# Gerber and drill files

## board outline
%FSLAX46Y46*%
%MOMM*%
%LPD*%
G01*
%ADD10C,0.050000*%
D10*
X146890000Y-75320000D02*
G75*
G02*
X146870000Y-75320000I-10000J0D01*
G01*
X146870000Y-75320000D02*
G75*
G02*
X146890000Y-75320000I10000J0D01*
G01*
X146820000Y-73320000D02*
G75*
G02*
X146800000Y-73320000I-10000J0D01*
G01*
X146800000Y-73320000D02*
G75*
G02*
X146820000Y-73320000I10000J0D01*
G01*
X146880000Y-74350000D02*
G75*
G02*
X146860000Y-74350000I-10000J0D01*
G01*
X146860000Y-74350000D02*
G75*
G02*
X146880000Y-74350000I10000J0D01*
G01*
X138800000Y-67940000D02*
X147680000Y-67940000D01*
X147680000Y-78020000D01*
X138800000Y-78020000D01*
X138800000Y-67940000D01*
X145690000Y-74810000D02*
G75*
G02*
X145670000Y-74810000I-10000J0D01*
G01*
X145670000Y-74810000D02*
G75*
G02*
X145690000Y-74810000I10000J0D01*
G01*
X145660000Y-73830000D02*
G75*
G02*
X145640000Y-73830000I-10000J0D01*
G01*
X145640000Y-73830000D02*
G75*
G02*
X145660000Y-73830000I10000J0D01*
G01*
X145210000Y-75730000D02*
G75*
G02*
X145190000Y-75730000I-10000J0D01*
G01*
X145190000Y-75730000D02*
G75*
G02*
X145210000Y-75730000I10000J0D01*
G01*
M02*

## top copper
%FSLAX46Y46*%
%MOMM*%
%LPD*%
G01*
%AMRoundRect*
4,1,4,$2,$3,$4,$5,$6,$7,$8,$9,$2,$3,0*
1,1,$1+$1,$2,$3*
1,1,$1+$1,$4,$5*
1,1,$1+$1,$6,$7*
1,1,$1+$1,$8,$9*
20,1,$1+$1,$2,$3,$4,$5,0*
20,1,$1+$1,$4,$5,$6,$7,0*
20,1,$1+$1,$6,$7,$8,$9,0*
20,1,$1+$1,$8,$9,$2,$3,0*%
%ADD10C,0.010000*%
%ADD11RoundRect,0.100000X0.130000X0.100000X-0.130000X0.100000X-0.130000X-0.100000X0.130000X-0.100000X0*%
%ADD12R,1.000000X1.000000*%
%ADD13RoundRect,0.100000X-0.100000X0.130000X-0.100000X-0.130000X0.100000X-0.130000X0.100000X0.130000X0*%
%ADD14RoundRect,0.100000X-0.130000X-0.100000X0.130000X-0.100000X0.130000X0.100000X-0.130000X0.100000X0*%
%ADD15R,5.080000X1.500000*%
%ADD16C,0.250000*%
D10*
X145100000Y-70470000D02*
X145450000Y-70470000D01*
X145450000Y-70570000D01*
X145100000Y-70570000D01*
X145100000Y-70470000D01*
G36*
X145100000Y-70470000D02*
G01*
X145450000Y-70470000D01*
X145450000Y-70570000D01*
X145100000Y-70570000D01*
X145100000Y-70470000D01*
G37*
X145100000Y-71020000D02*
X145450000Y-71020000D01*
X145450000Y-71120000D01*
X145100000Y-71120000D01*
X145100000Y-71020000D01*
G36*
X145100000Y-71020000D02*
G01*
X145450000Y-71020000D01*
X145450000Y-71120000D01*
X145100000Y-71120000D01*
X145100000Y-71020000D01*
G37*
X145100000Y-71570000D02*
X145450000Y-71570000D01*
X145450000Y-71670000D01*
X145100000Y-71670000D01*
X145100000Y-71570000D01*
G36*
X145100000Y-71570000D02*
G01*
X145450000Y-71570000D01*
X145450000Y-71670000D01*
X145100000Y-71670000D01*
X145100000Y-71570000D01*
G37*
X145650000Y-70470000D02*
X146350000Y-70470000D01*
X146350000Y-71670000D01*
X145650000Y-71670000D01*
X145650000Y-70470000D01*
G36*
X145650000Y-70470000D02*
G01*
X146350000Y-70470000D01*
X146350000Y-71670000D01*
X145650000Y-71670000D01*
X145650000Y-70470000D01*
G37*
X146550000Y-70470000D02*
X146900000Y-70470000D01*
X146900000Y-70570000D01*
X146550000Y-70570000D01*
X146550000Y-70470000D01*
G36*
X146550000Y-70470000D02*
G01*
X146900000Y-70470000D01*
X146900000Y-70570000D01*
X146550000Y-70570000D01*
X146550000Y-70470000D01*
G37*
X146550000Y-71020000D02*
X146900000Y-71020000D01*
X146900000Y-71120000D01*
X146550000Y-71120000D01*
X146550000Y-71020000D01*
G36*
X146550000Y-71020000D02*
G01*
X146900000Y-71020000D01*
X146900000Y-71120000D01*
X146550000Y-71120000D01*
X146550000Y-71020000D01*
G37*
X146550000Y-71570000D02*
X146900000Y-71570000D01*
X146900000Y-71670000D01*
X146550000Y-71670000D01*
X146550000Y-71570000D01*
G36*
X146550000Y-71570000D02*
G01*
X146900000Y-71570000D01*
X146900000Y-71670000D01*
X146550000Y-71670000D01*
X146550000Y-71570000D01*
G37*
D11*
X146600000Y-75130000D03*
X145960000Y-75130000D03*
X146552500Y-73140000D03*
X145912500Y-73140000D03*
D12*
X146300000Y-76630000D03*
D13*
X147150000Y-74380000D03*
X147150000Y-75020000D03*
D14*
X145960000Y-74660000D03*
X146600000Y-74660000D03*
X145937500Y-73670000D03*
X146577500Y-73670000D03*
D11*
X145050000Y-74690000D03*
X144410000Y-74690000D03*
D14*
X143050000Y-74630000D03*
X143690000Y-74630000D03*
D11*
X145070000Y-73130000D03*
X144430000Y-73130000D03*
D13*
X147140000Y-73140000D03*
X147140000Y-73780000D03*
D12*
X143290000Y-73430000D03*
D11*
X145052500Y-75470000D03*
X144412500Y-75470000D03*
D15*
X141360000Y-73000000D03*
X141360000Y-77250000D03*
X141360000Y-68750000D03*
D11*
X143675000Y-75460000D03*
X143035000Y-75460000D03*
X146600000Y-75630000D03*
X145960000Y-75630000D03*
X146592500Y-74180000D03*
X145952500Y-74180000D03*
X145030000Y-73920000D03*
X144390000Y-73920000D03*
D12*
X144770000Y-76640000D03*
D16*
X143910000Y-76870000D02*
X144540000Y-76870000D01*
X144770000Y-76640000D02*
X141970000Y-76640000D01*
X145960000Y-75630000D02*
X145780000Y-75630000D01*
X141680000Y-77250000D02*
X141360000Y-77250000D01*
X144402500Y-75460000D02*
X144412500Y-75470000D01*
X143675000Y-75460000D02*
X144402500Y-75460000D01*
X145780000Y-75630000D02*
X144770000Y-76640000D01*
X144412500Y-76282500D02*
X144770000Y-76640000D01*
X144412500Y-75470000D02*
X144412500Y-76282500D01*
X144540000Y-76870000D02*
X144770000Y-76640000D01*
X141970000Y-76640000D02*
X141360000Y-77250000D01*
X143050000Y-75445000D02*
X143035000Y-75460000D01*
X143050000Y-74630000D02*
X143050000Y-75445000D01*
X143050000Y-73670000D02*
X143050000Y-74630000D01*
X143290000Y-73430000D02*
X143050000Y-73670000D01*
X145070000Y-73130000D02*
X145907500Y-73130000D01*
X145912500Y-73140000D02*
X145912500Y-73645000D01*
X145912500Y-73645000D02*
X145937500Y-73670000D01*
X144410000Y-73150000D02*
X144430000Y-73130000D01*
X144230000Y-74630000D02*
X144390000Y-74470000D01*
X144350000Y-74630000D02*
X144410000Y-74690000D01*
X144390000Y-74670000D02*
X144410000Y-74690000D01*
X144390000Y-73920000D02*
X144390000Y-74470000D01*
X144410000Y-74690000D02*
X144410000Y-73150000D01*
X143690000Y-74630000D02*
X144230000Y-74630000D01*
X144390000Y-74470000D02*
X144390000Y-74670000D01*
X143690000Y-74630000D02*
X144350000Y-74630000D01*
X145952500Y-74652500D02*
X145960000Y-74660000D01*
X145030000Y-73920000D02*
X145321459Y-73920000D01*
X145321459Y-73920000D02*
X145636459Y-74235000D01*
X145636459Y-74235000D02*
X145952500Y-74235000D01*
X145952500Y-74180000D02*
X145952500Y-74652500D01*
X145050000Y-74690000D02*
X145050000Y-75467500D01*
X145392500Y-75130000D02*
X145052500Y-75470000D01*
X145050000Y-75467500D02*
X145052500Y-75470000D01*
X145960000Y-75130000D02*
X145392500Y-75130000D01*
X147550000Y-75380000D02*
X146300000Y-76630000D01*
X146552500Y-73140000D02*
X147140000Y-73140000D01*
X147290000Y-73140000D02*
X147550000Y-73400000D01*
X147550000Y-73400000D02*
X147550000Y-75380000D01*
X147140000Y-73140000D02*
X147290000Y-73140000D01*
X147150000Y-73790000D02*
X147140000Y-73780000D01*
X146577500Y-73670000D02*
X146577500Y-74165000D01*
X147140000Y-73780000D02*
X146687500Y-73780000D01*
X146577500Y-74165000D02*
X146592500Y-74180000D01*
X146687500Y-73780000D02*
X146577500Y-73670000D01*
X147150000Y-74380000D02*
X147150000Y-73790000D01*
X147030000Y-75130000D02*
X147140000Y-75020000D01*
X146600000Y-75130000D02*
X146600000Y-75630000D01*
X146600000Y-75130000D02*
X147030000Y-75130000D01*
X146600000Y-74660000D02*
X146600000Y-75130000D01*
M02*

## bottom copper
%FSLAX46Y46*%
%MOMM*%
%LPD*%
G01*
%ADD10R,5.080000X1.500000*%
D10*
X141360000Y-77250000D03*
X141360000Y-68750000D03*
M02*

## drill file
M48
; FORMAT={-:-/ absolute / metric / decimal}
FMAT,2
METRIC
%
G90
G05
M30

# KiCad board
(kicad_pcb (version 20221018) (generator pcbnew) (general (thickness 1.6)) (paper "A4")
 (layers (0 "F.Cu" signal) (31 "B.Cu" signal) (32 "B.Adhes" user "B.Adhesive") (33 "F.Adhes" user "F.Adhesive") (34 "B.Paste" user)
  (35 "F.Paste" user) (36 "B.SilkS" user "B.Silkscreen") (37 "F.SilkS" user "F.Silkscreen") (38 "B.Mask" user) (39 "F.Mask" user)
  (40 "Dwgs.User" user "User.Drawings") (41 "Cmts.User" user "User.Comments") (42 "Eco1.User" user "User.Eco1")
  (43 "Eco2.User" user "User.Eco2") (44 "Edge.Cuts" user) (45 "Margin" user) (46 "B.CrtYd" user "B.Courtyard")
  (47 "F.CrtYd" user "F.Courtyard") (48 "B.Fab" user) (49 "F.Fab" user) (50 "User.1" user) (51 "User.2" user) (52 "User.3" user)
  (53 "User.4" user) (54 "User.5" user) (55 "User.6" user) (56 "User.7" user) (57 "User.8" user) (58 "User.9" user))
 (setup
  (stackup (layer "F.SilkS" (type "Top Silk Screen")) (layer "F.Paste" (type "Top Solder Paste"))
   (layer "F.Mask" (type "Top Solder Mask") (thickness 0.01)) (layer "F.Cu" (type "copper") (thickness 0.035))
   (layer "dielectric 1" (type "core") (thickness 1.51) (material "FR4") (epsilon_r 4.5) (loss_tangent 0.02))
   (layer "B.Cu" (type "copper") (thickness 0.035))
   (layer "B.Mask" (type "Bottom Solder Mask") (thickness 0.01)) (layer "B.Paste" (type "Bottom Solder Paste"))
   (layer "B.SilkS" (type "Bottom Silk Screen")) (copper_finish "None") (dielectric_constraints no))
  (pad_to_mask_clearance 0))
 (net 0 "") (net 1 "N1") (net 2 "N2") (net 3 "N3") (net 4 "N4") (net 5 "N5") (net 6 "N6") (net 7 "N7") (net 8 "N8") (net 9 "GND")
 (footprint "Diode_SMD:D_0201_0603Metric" (layer "F.Cu") (at 146.28 75.13 180)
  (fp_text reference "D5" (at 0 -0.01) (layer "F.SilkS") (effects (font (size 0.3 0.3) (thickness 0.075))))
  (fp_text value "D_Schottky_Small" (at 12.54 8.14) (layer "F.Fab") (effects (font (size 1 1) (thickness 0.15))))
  (pad "" smd roundrect (at -0.345 0 180) (size 0.318 0.36) (layers "F.Paste") (roundrect_rratio 0.25))
  (pad "" smd roundrect (at 0.345 0 180) (size 0.318 0.36) (layers "F.Paste") (roundrect_rratio 0.25))
  (pad "1" smd roundrect (at -0.32 0 180) (size 0.46 0.4) (layers "F.Cu" "F.Mask") (roundrect_rratio 0.25) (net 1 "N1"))
  (pad "2" smd roundrect (at 0.32 0 180) (size 0.46 0.4) (layers "F.Cu" "F.Mask") (roundrect_rratio 0.25) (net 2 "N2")))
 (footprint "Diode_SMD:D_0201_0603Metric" (layer "F.Cu") (at 146.2325 73.14 180)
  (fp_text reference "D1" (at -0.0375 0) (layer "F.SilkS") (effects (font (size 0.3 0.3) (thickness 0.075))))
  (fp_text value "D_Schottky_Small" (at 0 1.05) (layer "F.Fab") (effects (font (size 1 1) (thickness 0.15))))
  (pad "" smd roundrect (at -0.345 0 180) (size 0.318 0.36) (layers "F.Paste") (roundrect_rratio 0.25))
  (pad "" smd roundrect (at 0.345 0 180) (size 0.318 0.36) (layers "F.Paste") (roundrect_rratio 0.25))
  (pad "1" smd roundrect (at -0.32 0 180) (size 0.46 0.4) (layers "F.Cu" "F.Mask") (roundrect_rratio 0.25) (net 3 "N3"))
  (pad "2" smd roundrect (at 0.32 0 180) (size 0.46 0.4) (layers "F.Cu" "F.Mask") (roundrect_rratio 0.25) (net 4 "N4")))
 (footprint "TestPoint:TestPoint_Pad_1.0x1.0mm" (layer "F.Cu") (at 146.3 76.63)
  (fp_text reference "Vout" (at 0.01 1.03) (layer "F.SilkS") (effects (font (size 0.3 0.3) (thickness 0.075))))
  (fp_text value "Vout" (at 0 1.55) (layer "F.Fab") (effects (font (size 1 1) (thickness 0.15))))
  (pad "1" smd rect (at 0 0) (size 1 1) (layers "F.Cu" "F.Mask") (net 3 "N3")))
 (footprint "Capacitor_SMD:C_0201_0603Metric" (layer "F.Cu") (at 147.15 74.7 -90)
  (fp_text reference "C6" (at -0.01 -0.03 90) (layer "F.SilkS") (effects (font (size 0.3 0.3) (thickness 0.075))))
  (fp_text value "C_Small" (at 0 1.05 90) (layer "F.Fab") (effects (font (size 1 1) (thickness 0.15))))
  (pad "" smd roundrect (at -0.345 0 270) (size 0.318 0.36) (layers "F.Paste") (roundrect_rratio 0.25))
  (pad "" smd roundrect (at 0.345 0 270) (size 0.318 0.36) (layers "F.Paste") (roundrect_rratio 0.25))
  (pad "1" smd roundrect (at -0.32 0 270) (size 0.46 0.4) (layers "F.Cu" "F.Mask") (roundrect_rratio 0.25) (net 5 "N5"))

=-=-=-=-=

YOUR ASSIGNMENT:
A line qualifies when it holds the word "Courtyard"; report all qualifying lines from the records above.

FINAL ANSWER:
  (43 "Eco2.User" user "User.Eco2") (44 "Edge.Cuts" user) (45 "Margin" user) (46 "B.CrtYd" user "B.Courtyard")
  (47 "F.CrtYd" user "F.Courtyard") (48 "B.Fab" user) (49 "F.Fab" user) (50 "User.1" user) (51 "User.2" user) (52 "User.3" user)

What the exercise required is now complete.